# SÄNGER-Fliegenset



## KarpfenMichl (4. Juli 2012)

Hallo Leute

Ich würde gern mit dem Fliegenfischen beginnen und mal wissen was ihr von der Prämienaktion von Fisch und Fang haltet

http://www.fischundfang.de/Abo/Vorteils-Abo

Bitte um Eure Meinung

Lg


----------



## WK1956 (4. Juli 2012)

*AW: SÄNGER-Fliegenset*

Hallo,

wenn du dir selbst einen Gefallen tun willst, dann geh in ein Fachgeschäft in dem man sich mit Fliegenfischen auskennt und lass dich dort beraten. Man muß kein Vermögen für den Anfang ausgeben, aber die meisten Sets zum Fliegenfischen, insbesondere in dieser Preisklasse, sind Schrott.
Du tust dir ebenfalls einen Gefallen, wenn du einen Fliegenfischerkurs machst, denn Fehler die du dir selbst beibringst lassen sich später nur schwer beheben.

Gruß Werner


----------



## Flyfisher1 (4. Juli 2012)

*AW: SÄNGER-Fliegenset*

you local dealer?


----------



## Flyfisher1 (4. Juli 2012)

*AW: SÄNGER-Fliegenset*

Sänger ist eine renomierte Firma, die Qualitätsprodukte verkauft.
Die FuF, habe ich selbst im Abo, alleine die 14 DVD's, die es im Jahr dazu gibt sind das Geld allemal wert. Bei dem Angebot kannst du nichts verkehrt machen. Schlage zu, im Laufe der Zeit wird sich eh dein Wurfstil und deine Vorliebe für die unteschiedlichen Ruten ändern. Dann kannst du dir immer noch eine teurere Rute zulegen. Teuer ist nicht immer automtisch gut.
Preiswert ist meist weitaus besser, wobei das Gerät dann auch nicht unbedingt  " Billig " sein muss.


----------



## WK1956 (4. Juli 2012)

*AW: SÄNGER-Fliegenset*



Flyfisher1 schrieb:


> you local dealer?


 
und? hast du ein Problem damit?


----------



## WK1956 (4. Juli 2012)

*AW: SÄNGER-Fliegenset*



Flyfisher1 schrieb:


> Sänger ist eine renomierte Firma, die Qualitätsprodukte verkauft.
> Die FuF, habe ich selbst im Abo, alleine die 14 DVD's, die es im Jahr dazu gibt sind das Geld allemal wert. Bei dem Angebot kannst du nichts verkehrt machen.

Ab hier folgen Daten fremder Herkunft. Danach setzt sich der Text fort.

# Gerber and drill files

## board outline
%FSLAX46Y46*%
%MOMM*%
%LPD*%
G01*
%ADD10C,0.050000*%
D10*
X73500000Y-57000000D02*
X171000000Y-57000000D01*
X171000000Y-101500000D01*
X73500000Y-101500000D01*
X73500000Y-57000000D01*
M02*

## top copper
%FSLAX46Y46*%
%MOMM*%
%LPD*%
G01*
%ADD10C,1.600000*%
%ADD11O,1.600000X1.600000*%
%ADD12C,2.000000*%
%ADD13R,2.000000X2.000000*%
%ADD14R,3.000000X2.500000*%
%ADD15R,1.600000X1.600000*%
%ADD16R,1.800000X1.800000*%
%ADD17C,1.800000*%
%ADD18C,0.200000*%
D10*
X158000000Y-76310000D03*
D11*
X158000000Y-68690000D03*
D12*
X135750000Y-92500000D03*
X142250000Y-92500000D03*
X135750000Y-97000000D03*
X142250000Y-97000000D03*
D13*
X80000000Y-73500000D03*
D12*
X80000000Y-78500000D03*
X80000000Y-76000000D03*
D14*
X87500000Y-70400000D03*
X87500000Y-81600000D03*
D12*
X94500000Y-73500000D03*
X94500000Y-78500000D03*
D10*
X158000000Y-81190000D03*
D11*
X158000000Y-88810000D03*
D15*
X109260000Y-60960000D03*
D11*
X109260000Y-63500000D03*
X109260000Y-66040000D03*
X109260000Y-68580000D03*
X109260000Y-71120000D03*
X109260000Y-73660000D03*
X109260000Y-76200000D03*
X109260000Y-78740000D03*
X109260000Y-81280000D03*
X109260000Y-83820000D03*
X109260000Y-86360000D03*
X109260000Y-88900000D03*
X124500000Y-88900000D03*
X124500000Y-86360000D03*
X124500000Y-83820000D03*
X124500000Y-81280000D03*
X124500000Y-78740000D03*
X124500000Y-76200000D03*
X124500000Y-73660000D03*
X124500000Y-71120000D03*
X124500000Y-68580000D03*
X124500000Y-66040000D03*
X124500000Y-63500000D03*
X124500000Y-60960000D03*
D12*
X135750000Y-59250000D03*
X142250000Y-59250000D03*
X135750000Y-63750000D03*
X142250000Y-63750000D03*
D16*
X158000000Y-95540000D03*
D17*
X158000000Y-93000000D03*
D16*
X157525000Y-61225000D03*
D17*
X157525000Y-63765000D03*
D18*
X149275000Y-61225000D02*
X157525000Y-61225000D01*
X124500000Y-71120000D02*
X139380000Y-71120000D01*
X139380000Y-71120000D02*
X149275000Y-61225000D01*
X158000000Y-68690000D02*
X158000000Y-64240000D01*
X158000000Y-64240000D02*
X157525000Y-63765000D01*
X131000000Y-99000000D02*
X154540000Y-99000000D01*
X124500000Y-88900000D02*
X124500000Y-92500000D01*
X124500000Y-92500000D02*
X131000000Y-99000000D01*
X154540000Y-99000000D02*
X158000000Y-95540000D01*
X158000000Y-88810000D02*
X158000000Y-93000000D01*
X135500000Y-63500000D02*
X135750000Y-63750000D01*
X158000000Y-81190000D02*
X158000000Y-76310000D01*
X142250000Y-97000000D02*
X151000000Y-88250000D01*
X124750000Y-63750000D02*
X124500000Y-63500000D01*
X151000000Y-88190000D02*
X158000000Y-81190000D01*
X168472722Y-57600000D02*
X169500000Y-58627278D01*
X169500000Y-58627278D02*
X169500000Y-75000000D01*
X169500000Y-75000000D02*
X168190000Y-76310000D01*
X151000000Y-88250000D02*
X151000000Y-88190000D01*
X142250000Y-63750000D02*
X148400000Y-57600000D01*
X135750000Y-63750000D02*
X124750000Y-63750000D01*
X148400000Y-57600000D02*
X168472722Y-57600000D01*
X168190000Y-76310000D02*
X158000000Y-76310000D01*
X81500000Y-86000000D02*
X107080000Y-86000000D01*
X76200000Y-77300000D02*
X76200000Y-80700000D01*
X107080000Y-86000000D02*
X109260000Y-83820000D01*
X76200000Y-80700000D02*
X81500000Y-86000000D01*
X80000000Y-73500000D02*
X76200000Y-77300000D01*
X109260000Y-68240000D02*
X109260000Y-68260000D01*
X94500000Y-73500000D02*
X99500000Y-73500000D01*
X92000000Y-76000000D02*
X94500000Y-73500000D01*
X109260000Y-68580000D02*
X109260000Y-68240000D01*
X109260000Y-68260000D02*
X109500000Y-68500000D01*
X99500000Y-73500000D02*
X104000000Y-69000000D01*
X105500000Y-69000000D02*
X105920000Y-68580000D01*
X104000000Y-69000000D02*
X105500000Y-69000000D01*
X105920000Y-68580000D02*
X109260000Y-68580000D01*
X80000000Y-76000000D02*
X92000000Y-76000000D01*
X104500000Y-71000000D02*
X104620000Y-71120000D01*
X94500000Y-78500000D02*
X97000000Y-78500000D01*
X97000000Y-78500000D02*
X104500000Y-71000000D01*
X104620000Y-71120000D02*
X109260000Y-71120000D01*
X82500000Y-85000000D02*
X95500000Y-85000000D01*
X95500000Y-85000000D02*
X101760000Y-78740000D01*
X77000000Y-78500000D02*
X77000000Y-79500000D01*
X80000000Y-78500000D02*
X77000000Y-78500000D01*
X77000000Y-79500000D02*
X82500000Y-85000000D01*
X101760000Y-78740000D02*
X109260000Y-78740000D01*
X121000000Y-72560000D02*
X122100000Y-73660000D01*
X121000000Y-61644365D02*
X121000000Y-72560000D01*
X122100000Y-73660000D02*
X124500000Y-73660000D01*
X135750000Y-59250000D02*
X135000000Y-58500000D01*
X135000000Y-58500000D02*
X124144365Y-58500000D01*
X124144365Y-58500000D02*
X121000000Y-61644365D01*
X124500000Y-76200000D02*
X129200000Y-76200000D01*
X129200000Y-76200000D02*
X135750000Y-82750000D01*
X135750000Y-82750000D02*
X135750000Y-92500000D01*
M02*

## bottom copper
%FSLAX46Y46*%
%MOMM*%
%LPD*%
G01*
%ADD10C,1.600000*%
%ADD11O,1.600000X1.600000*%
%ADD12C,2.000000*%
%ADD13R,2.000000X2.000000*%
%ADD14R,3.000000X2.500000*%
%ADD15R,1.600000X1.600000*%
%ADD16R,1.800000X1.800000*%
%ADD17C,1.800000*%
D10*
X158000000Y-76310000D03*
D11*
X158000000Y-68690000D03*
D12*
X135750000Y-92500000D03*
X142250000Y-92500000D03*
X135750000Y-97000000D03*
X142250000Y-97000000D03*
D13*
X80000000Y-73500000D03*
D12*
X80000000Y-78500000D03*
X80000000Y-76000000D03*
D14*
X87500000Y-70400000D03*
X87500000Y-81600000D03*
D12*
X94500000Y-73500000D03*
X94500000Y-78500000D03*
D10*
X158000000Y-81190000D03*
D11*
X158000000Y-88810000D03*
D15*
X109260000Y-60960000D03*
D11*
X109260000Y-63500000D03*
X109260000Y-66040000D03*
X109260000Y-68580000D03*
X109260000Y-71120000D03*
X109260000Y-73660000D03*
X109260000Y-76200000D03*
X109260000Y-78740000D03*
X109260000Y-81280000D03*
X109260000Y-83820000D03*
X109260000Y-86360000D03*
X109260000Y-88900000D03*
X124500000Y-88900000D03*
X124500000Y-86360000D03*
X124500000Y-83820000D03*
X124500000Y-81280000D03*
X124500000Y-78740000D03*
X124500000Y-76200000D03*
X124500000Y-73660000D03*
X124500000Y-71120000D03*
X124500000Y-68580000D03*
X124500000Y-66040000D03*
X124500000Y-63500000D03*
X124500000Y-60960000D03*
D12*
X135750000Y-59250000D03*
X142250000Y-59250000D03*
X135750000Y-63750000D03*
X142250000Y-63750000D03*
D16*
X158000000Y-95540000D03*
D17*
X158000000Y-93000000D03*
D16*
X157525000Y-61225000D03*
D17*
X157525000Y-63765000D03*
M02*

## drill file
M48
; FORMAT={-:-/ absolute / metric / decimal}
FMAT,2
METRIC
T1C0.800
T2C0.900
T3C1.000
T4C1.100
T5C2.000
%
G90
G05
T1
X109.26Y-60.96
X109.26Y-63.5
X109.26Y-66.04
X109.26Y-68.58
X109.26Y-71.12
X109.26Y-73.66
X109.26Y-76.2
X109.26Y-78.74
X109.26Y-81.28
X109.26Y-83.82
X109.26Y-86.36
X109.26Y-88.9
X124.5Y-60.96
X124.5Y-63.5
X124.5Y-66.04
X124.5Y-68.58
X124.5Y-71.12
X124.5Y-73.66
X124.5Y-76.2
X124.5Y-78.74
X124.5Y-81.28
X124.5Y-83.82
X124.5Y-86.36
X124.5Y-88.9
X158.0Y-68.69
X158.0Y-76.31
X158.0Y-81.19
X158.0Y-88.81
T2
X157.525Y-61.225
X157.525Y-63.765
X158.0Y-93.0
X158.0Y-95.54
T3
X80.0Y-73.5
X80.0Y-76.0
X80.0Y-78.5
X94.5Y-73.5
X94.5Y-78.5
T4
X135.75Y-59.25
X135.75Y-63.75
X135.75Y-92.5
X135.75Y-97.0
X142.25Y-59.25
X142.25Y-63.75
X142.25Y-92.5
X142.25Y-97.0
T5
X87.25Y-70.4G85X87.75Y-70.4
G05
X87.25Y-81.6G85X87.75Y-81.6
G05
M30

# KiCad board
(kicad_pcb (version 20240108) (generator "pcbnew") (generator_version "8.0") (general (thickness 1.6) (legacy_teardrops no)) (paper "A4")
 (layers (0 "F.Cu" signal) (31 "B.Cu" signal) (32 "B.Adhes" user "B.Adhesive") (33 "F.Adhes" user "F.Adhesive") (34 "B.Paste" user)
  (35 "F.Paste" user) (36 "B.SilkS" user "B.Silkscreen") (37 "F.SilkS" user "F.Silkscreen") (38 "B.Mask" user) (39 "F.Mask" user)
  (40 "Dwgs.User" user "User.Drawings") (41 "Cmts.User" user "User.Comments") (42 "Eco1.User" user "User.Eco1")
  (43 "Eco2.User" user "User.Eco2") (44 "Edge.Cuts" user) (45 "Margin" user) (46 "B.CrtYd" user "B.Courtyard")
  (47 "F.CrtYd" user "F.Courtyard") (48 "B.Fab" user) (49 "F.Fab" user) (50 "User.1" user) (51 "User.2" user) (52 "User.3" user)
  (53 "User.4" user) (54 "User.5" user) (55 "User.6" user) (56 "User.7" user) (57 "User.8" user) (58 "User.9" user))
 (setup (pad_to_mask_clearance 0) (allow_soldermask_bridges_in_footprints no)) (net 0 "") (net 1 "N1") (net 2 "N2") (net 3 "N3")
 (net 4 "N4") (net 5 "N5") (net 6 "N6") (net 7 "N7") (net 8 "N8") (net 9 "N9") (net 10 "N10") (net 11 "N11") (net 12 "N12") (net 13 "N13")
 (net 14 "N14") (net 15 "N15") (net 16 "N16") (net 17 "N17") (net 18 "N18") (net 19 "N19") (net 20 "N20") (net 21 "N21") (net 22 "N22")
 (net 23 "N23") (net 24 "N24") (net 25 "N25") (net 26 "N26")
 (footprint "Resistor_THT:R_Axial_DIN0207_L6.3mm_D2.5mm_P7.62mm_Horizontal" (layer "F.Cu") (at 158 76.31 90)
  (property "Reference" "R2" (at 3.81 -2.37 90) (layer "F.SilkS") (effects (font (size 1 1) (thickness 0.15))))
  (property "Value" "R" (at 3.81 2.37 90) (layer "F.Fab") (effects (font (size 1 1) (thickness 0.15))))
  (pad "1" thru_hole circle (at 0 0 90) (size 1.6 1.6) (drill 0.8) (layers "*.Cu" "*.Mask") (remove_unused_layers no) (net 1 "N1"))
  (pad "2" thru_hole oval (at 7.62 0 90) (size 1.6 1.6) (drill 0.8) (layers "*.Cu" "*.Mask") (remove_unused_layers no) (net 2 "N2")))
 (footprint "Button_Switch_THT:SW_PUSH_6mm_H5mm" (layer "F.Cu") (at 135.75 92.5)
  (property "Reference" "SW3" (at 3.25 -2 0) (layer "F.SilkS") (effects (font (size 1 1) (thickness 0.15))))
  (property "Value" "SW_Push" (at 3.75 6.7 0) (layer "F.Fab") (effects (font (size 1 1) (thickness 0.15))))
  (pad "1" thru_hole circle (at 0 0 90) (size 2 2) (drill 1.1) (layers "*.Cu" "*.Mask") (remove_unused_layers no) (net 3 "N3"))
  (pad "1" thru_hole circle (at 6.5 0 90) (size 2 2) (drill 1.1) (layers "*.Cu" "*.Mask") (remove_unused_layers no) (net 3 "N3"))
  (pad "2" thru_hole circle (at 0 4.5 90) (size 2 2) (drill 1.1) (layers "*.Cu" "*.Mask") (remove_unused_layers no) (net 1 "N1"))
  (pad "2" thru_hole circle (at 6.5 4.5 90) (size 2 2) (drill 1.1) (layers "*.Cu" "*.Mask") (remove_unused_layers no) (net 1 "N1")))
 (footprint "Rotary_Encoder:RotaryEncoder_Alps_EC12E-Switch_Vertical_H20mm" (layer "F.Cu") (at 80 73.5)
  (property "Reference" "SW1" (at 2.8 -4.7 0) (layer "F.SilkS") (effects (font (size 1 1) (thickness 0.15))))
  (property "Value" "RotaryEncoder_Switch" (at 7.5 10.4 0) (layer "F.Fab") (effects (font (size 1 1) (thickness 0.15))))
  (pad "A" thru_hole rect (at 0 0) (size 2 2) (drill 1) (layers "*.Cu" "*.Mask") (remove_unused_layers no) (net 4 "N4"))
  (pad "B" thru_hole circle (at 0 5) (size 2 2) (drill 1) (layers "*.Cu" "*.Mask") (remove_unused_layers no) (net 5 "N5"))
  (pad "C" thru_hole circle (at 0 2.5) (size 2 2) (drill 1) (layers "*.Cu" "*.Mask") (remove_unused_layers no) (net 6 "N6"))
  (pad "MP" thru_hole rect (at 7.5 -3.1) (size 3 2.5) (drill oval 2.5 2) (layers "*.Cu" "*.Mask") (remove_unused_layers no))
  (pad "MP" thru_hole rect (at 7.5 8.1) (size 3 2.5) (drill oval 2.5 2) (layers "*.Cu" "*.Mask") (remove_unused_layers no))
  (pad "S1" thru_hole circle (at 14.5 0) (size 2 2) (drill 1) (layers "*.Cu" "*.Mask") (remove_unused_layers no) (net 6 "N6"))
  (pad "S2" thru_hole circle (at 14.5 5) (size 2 2) (drill 1) (layers "*.Cu" "*.Mask") (remove_unused_layers no) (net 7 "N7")))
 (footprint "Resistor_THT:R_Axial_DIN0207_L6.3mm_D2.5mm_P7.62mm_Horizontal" (layer "F.Cu") (at 158 81.19 -90)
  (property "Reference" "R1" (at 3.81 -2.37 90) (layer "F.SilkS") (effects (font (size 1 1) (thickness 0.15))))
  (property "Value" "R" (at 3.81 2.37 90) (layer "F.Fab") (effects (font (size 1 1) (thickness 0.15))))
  (pad "1" thru_hole circle (at 0 0 270) (size 1.6 1.6) (drill 0.8) (layers "*.Cu" "*.Mask") (remove_unused_layers no) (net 1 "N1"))
  (pad "2" thru_hole oval (at 7.62 0 270) (size 1.6 1.6) (drill 0.8) (layers "*.Cu" "*.Mask") (remove_unused_layers no) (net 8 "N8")))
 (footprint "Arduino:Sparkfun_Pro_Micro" (layer "F.Cu") (at 124.5 88.9 180)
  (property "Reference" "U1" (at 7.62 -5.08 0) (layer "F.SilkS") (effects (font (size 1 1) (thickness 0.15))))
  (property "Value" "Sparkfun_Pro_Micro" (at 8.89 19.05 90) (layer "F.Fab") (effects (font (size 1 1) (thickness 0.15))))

Schlage zu, im Laufe der Zeit wird sich eh dein Wurfstil und deine Vorliebe für die unteschiedlichen Ruten ändern. Dann kannst du dir immer noch eine teurere Rute zulegen. Teuer ist nicht immer automtisch gut.
> Preiswert ist meist weitaus besser, wobei das Gerät dann auch nicht unbedingt " Billig " sein muss.
> __________________
> Versuch macht Klug!.


 
und getreu deinem Motto empfiehlst du einfach Gerät das du gar nicht kennst?

Naja, wenn's schee macht!


----------



## Flyfisher1 (5. Juli 2012)

*AW: SÄNGER-Fliegenset*



WK1956 schrieb:


> und getreu deinem Motto empfiehlst du einfach Gerät das du gar nicht kennst?
> 
> Naja, wenn's schee macht!



Wer stellt denn hier unbewiesene Behauptungen auf?
Weisst du welches Sänger - Gerät ich kenne ?
Die Manufaktur liegt vor meiner Haustüre.

Ich bin durchaus dafür dass man sich vom Fachhändler beraten lässt und auch bei Ihm einkauft. Nur das Gerät der Mitbewerber von vorneherein in Bausch und Bogen zu verdammen, macht noch keinen Fachhändler. |kopfkrat


----------



## BigEarn (6. Juli 2012)

*AW: SÄNGER-Fliegenset*



Flyfisher1 schrieb:


> Wer stellt denn hier unbewiesene Behauptungen auf?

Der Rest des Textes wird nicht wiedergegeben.